Common pinyon-pine aphid

On this page: Identification & Distribution Other aphids on the same host

Identification & Distribution

Adult apterae of Cinara edulis are cinnamon brown to dark brown to gun-metal or black (see pictures below of cinnamon brown form). There is a distinct medial abdominal wax stripe (rather faint on the specimens below), and light powdering elsewhere, especially just anterior to the siphunculi, but the wax may be rubbed off (cf. Cinara atra, which has no wax). The antenna have segment I, the distal tips of III-V, and all of VI dark. Antennal hairs are short and moderately sparse, with usually 0-2 secondary rhinaria. The rostrum is quite long, with moderate pigmentation, and its last segment (RIV) has 12-20 accessory hairs (cf. Cinara caliente, Cinara terminalis, Cinara wahtolca & Cinara anelia all of which have 4-8 accessory hairs on RIV). All the femora are lightly pigmented, with a gradual distal darkening over the entire length, and tibiae are dark at the apices; tarsi are dark. The hairs on the metatibiae are generally short and quite dense, and bent at an acute angle. The abdominal dorsum is smooth, with sclerites only on segment VII (cf. Cinara caliente, Cinara terminalis, Cinara wahtolca & Cinara anelia, all of which usually have sclerites on both tergites VI & VII). The sclerites on tergite VII may be large and rectangular such they cover most of it, or reduced to small aggregations of hair-bearing scleroites.

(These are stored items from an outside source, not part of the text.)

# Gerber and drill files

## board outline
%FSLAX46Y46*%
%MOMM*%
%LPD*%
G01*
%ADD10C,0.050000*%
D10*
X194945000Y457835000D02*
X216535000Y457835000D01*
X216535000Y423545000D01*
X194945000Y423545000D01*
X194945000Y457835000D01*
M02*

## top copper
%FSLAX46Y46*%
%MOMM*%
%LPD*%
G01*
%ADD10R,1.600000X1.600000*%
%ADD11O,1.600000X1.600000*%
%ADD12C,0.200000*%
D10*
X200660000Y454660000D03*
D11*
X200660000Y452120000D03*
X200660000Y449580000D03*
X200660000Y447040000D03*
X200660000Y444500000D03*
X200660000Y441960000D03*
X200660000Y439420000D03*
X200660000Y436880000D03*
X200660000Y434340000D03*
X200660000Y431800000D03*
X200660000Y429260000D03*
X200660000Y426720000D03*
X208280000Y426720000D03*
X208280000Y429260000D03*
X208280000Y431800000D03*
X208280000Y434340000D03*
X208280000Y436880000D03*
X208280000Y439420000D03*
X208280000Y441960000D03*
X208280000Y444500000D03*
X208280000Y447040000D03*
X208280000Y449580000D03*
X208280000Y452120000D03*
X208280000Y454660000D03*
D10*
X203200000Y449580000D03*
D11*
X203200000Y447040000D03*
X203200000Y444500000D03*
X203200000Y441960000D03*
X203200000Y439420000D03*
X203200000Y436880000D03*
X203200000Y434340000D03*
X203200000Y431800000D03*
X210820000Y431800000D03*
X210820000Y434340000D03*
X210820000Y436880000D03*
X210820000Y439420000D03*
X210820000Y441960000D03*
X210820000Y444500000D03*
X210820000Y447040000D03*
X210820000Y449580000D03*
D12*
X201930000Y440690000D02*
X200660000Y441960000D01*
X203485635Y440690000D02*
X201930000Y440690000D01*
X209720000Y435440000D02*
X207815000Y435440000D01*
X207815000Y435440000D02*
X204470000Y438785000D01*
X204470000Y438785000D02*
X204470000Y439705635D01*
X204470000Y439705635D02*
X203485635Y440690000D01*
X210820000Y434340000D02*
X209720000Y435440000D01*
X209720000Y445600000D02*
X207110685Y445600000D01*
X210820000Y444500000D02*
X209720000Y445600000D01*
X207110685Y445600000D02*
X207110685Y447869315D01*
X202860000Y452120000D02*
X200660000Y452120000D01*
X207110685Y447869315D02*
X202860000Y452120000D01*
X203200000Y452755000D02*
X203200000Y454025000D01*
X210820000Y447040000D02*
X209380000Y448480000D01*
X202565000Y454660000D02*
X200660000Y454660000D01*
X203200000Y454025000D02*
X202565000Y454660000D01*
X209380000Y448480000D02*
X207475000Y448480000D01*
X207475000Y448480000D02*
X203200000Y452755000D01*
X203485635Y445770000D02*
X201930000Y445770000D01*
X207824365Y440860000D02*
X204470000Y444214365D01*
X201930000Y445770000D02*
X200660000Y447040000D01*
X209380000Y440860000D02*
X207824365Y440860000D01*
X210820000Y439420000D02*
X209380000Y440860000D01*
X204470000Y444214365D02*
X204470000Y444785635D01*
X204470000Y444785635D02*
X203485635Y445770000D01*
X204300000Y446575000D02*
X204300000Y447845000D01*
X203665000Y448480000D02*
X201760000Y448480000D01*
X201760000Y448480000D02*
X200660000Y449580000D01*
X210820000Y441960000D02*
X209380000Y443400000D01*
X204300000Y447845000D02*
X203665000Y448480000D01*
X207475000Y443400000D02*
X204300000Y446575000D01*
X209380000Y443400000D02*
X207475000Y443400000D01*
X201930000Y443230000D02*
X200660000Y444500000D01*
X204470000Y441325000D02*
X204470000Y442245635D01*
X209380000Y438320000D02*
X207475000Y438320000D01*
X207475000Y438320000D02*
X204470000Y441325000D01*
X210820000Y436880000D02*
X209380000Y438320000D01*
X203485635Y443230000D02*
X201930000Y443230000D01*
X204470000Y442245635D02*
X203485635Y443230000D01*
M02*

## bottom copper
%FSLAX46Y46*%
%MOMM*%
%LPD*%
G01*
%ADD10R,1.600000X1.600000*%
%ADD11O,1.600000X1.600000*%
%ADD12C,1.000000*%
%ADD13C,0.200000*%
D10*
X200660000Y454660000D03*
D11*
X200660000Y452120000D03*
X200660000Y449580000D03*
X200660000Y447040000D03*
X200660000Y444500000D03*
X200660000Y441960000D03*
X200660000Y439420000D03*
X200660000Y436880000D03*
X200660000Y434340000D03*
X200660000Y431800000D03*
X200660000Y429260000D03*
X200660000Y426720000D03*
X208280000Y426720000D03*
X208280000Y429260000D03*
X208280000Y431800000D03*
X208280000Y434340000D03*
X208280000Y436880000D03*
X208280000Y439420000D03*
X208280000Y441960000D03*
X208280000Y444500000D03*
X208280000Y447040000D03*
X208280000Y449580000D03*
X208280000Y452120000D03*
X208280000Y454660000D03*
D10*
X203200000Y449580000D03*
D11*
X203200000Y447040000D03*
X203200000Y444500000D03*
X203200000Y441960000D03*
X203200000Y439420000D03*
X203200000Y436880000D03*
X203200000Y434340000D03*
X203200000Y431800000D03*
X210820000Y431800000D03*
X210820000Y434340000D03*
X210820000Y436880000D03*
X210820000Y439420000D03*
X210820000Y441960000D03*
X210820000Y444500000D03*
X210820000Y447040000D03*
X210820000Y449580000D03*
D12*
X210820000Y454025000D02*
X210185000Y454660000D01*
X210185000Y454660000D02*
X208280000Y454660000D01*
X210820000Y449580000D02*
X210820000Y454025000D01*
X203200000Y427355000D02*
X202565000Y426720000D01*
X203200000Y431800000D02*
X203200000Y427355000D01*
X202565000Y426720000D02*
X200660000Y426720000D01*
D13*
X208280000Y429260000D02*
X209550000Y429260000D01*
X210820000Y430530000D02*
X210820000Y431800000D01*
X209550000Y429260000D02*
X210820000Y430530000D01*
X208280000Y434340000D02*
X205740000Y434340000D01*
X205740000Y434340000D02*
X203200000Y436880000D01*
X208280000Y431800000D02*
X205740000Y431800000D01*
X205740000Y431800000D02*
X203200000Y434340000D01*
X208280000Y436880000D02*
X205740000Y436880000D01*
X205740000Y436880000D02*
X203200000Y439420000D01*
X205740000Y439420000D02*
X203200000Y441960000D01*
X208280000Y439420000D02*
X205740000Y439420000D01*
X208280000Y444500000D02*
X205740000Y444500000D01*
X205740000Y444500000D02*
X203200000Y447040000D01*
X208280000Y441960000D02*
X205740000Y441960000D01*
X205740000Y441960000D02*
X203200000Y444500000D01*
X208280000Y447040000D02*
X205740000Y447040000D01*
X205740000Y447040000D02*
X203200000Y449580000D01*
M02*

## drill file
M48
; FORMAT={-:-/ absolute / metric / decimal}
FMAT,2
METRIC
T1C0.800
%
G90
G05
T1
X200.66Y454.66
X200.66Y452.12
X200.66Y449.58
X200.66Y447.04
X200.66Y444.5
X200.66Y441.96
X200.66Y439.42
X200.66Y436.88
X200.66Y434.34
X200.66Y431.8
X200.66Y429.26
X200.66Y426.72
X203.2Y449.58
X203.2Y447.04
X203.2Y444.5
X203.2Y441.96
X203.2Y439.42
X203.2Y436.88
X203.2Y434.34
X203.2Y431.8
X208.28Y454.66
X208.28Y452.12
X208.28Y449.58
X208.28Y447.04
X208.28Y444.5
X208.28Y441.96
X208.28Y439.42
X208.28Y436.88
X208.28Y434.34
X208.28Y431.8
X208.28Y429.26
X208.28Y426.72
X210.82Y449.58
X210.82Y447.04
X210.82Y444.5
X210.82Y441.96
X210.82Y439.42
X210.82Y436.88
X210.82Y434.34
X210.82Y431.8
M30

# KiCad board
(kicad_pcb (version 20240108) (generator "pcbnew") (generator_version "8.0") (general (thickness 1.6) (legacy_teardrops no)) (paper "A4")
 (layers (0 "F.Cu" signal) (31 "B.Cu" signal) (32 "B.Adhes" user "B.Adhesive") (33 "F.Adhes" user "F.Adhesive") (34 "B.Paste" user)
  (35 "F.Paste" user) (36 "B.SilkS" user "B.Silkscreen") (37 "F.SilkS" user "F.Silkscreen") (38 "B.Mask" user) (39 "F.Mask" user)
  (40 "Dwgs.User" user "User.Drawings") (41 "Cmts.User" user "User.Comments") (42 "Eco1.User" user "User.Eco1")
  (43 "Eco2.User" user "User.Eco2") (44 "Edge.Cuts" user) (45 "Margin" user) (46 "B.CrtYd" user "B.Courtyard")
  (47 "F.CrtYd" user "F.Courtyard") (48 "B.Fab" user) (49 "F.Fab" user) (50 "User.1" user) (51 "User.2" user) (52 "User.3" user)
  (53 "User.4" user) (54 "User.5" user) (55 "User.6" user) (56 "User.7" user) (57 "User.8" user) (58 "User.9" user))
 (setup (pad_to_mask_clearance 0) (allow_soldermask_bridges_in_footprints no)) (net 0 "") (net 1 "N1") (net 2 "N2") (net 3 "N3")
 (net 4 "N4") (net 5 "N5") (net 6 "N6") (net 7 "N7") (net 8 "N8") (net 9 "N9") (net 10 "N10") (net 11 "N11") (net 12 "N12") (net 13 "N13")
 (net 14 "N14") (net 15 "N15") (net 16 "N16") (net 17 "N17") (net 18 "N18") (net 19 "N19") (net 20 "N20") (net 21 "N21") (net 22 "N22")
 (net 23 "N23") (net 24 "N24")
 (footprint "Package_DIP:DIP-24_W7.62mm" (layer "F.Cu") (at 200.66 -454.66)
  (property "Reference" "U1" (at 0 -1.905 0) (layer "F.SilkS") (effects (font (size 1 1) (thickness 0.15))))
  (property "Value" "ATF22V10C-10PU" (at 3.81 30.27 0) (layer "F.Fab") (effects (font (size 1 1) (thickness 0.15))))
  (pad "1" thru_hole rect (at 0 0) (size 1.6 1.6) (drill 0.8) (layers "*.Cu" "*.Mask") (remove_unused_layers no) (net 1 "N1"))
  (pad "2" thru_hole oval (at 0 2.54) (size 1.6 1.6) (drill 0.8) (layers "*.Cu" "*.Mask") (remove_unused_layers no) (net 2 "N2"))
  (pad "3" thru_hole oval (at 0 5.08) (size 1.6 1.6) (drill 0.8) (layers "*.Cu" "*.Mask") (remove_unused_layers no) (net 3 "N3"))
  (pad "4" thru_hole oval (at 0 7.62) (size 1.6 1.6) (drill 0.8) (layers "*.Cu" "*.Mask") (remove_unused_layers no) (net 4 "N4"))
  (pad "5" thru_hole oval (at 0 10.16) (size 1.6 1.6) (drill 0.8) (layers "*.Cu" "*.Mask") (remove_unused_layers no) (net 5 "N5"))
  (pad "6" thru_hole oval (at 0 12.7) (size 1.6 1.6) (drill 0.8) (layers "*.Cu" "*.Mask") (remove_unused_layers no) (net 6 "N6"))
  (pad "7" thru_hole oval (at 0 15.24) (size 1.6 1.6) (drill 0.8) (layers "*.Cu" "*.Mask") (remove_unused_layers no) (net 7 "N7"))
  (pad "8" thru_hole oval (at 0 17.78) (size 1.6 1.6) (drill 0.8) (layers "*.Cu" "*.Mask") (remove_unused_layers no) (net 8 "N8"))
  (pad "9" thru_hole oval (at 0 20.32) (size 1.6 1.6) (drill 0.8) (layers "*.Cu" "*.Mask") (remove_unused_layers no) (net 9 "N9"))
  (pad "10" thru_hole oval (at 0 22.86) (size 1.6 1.6) (drill 0.8) (layers "*.Cu" "*.Mask") (remove_unused_layers no) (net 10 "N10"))
  (pad "11" thru_hole oval (at 0 25.4) (size 1.6 1.6) (drill 0.8) (layers "*.Cu" "*.Mask") (remove_unused_layers no) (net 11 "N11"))
  (pad "12" thru_hole oval (at 0 27.94) (size 1.6 1.6) (drill 0.8) (layers "*.Cu" "*.Mask") (remove_unused_layers no) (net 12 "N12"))
  (pad "13" thru_hole oval (at 7.62 27.94) (size 1.6 1.6) (drill 0.8) (layers "*.Cu" "*.Mask") (remove_unused_layers no) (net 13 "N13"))
  (pad "14" thru_hole oval (at 7.62 25.4) (size 1.6 1.6) (drill 0.8) (layers "*.Cu" "*.Mask") (remove_unused_layers no) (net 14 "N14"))
  (pad "15" thru_hole oval (at 7.62 22.86) (size 1.6 1.6) (drill 0.8) (layers "*.Cu" "*.Mask") (remove_unused_layers no) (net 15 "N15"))
  (pad "16" thru_hole oval (at 7.62 20.32) (size 1.6 1.6) (drill 0.8) (layers "*.Cu" "*.Mask") (remove_unused_layers no) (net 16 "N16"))
  (pad "17" thru_hole oval (at 7.62 17.78) (size 1.6 1.6) (drill 0.8) (layers "*.Cu" "*.Mask") (remove_unused_layers no) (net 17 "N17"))
  (pad "18" thru_hole oval (at 7.62 15.24) (size 1.6 1.6) (drill 0.8) (layers "*.Cu" "*.Mask") (remove_unused_layers no) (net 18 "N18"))
  (pad "19" thru_hole oval (at 7.62 12.7) (size 1.6 1.6) (drill 0.8) (layers "*.Cu" "*.Mask") (remove_unused_layers no) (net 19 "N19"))
  (pad "20" thru_hole oval (at 7.62 10.16) (size 1.6 1.6) (drill 0.8) (layers "*.Cu" "*.Mask") (remove_unused_layers no) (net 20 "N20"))
  (pad "21" thru_hole oval (at 7.62 7.62) (size 1.6 1.6) (drill 0.8) (layers "*.Cu" "*.Mask") (remove_unused_layers no) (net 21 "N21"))
  (pad "22" thru_hole oval (at 7.62 5.08) (size 1.6 1.6) (drill 0.8) (layers "*.Cu" "*.Mask") (remove_unused_layers no) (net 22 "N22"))
  (pad "23" thru_hole oval (at 7.62 2.54) (size 1.6 1.6) (drill 0.8) (layers "*.Cu" "*.Mask") (remove_unused_layers no) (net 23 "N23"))
  (pad "24" thru_hole oval (at 7.62 0) (size 1.6 1.6) (drill 0.8) (layers "*.Cu" "*.Mask") (remove_unused_layers no) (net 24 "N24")))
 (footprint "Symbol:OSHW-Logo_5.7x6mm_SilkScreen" (layer "F.Cu") (at 212.725 -427.355 90)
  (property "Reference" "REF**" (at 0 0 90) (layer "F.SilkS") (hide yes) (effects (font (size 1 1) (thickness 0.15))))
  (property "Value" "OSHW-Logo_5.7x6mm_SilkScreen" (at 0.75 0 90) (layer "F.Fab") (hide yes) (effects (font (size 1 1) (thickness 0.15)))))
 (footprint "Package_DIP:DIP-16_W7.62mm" (layer "F.Cu") (at 203.2 -449.58)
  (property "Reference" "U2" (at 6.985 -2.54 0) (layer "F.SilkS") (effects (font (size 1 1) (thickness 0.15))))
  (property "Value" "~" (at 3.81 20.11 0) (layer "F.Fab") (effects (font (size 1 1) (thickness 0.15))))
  (pad "1" thru_hole rect (at 0 0) (size 1.6 1.6) (drill 0.8) (layers "*.Cu" "*.Mask") (remove_unused_layers no) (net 21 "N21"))
  (pad "2" thru_hole oval (at 0 2.54) (size 1.6 1.6) (drill 0.8) (layers "*.Cu" "*.Mask") (remove_unused_layers no) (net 20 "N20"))
  (pad "3" thru_hole oval (at 0 5.08) (size 1.6 1.6) (drill 0.8) (layers "*.Cu" "*.Mask") (remove_unused_layers no) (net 19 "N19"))
  (pad "4" thru_hole oval (at 0 7.62) (size 1.6 1.6) (drill 0.8) (layers "*.Cu" "*.Mask") (remove_unused_layers no) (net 18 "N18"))
  (pad "5" thru_hole oval (at 0 10.16) (size 1.6 1.6) (drill 0.8) (layers "*.Cu" "*.Mask") (remove_unused_layers no) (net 17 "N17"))
  (pad "6" thru_hole oval (at 0 12.7) (size 1.6 1.6) (drill 0.8) (layers "*.Cu" "*.Mask") (remove_unused_layers no) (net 16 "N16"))
  (pad "7" thru_hole oval (at 0 15.24) (size 1.6 1.6) (drill 0.8) (layers "*.Cu" "*.Mask") (remove_unused_layers no) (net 15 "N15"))
  (pad "8" thru_hole oval (at 0 17.78) (size 1.6 1.6) (drill 0.8) (layers "*.Cu" "*.Mask") (remove_unused_layers no) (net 12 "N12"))
  (pad "9" thru_hole oval (at 7.62 17.78) (size 1.6 1.6) (drill 0.8) (layers "*.Cu" "*.Mask") (remove_unused_layers no) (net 14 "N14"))
  (pad "10" thru_hole oval (at 7.62 15.24) (size 1.6 1.6) (drill 0.8) (layers "*.Cu" "*.Mask") (remove_unused_layers no) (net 6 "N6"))
  (pad "11" thru_hole oval (at 7.62 12.7) (size 1.6 1.6) (drill 0.8) (layers "*.Cu" "*.Mask") (remove_unused_layers no) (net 5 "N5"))
  (pad "12" thru_hole oval (at 7.62 10.16) (size 1.6 1.6) (drill 0.8) (layers "*.Cu" "*.Mask") (remove_unused_layers no) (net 4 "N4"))
  (pad "13" thru_hole oval (at 7.62 7.62) (size 1.6 1.6) (drill 0.8) (layers "*.Cu" "*.Mask") (remove_unused_layers no) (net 3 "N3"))
  (pad "14" thru_hole oval (at 7.62 5.08) (size 1.6 1.6) (drill 0.8) (layers "*.Cu" "*.Mask") (remove_unused_layers no) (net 2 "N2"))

The siphunculi (see pictures below) are usually clearly delimited and dark, but occasionally lightly pigmented, or with two levels of pigmentation. The siphuncular cones have 10-41 hairs scattered over their surface, and are much longer than those on abdominal tergite V. (cf. Cinara atra, whose siphuncular cones have 5-15 hairs located around the cone's basal edge, similar in size and shape to those on tergite V). Tergite VIII has hairs along the posterior edge only. The body length of adult Cinara edulis apterae is 2.5-4.0 mm.

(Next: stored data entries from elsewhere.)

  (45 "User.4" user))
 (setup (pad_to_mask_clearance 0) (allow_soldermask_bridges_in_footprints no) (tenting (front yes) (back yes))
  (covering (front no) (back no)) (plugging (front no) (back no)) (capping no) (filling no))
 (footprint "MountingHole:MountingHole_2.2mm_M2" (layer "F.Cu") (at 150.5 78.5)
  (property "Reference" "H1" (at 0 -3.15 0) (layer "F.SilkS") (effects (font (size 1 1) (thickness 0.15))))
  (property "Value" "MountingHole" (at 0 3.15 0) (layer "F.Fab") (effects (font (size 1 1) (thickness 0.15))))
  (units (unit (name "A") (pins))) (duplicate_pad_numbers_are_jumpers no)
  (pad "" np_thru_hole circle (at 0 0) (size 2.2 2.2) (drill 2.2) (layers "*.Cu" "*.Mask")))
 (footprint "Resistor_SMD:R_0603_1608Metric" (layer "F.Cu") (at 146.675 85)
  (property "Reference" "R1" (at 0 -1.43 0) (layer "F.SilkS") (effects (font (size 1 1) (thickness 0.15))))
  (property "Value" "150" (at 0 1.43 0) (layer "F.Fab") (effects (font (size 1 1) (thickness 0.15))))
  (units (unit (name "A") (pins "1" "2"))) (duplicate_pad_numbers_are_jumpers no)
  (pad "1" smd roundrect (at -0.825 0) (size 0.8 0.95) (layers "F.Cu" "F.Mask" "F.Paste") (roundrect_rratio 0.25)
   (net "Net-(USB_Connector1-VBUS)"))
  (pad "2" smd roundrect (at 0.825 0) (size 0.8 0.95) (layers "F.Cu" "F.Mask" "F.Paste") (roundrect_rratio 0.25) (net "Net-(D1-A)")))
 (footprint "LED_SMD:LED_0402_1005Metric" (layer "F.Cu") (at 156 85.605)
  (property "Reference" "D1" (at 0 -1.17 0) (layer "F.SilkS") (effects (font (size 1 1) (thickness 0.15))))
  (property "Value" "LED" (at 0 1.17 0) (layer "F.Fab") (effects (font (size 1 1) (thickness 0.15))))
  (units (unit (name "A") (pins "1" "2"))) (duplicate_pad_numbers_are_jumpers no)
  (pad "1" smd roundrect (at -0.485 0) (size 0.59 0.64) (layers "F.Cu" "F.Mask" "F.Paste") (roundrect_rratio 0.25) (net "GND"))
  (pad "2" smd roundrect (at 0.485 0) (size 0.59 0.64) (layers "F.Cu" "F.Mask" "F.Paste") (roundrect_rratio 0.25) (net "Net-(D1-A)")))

Images above copyright Jesse Rorabaugh under a public domain (CCO) licence.

The alate Cinara edulis is similar to the apterous vivipara, apart from three points: Antennal segments III, IV & V are light basally, gradually becoming much darker distally. The pale area on the metatibiae is reduced, sometimes to nonexistence. Most importantly there is no sclerotization on tergum VII.

Note: the variability of Cinara edulis has led to confusion both in its popular and scientific naming. For example Palmer (1952) called it the "Black and White Spotted Pinyon Pine Aphid", a name which Hottes (1960) described. as "hardly suitable" given its variability in waxing and colour". Using multivariate morphometric analysis, Favret & Voegtlin (2004) demonstrated that five of the species that Hottes had previously described (Cinara apacheca, Cinara metalica, Cinara pinata, Cinara pinona & Cinara rustica), are probably synonyms of Cinara edulis.

Images above copyright Jesse Rorabaugh under a public domain (CCO) licence.

Cinara edulis is monoecious holocyclic on just two species of pine: the two-needle pinyon pine (Pinus edulis) and the single-leaf pinyon pine (Pinus monophylla). Cinara edulis are found in large colonies on bark of branches and older twigs, or on young tree-trunks, or feeding among needles on the younger branches of young healthy trees with greenish bark. Oviparae and apterous and/or alate males occur in September-October, eggs being laid along the needles. It can be very abundant and injurious to the tree. The species is found in the western states of the USA.

 

Other aphids on the same host

Cinara edulis has been recorded on 2 pine species (Pinus edulis, Pinus monophylla).

Acknowledgements

We are grateful to Jesse Rorabaugh for making his images of Cinara edulis available for use under a public domain licence.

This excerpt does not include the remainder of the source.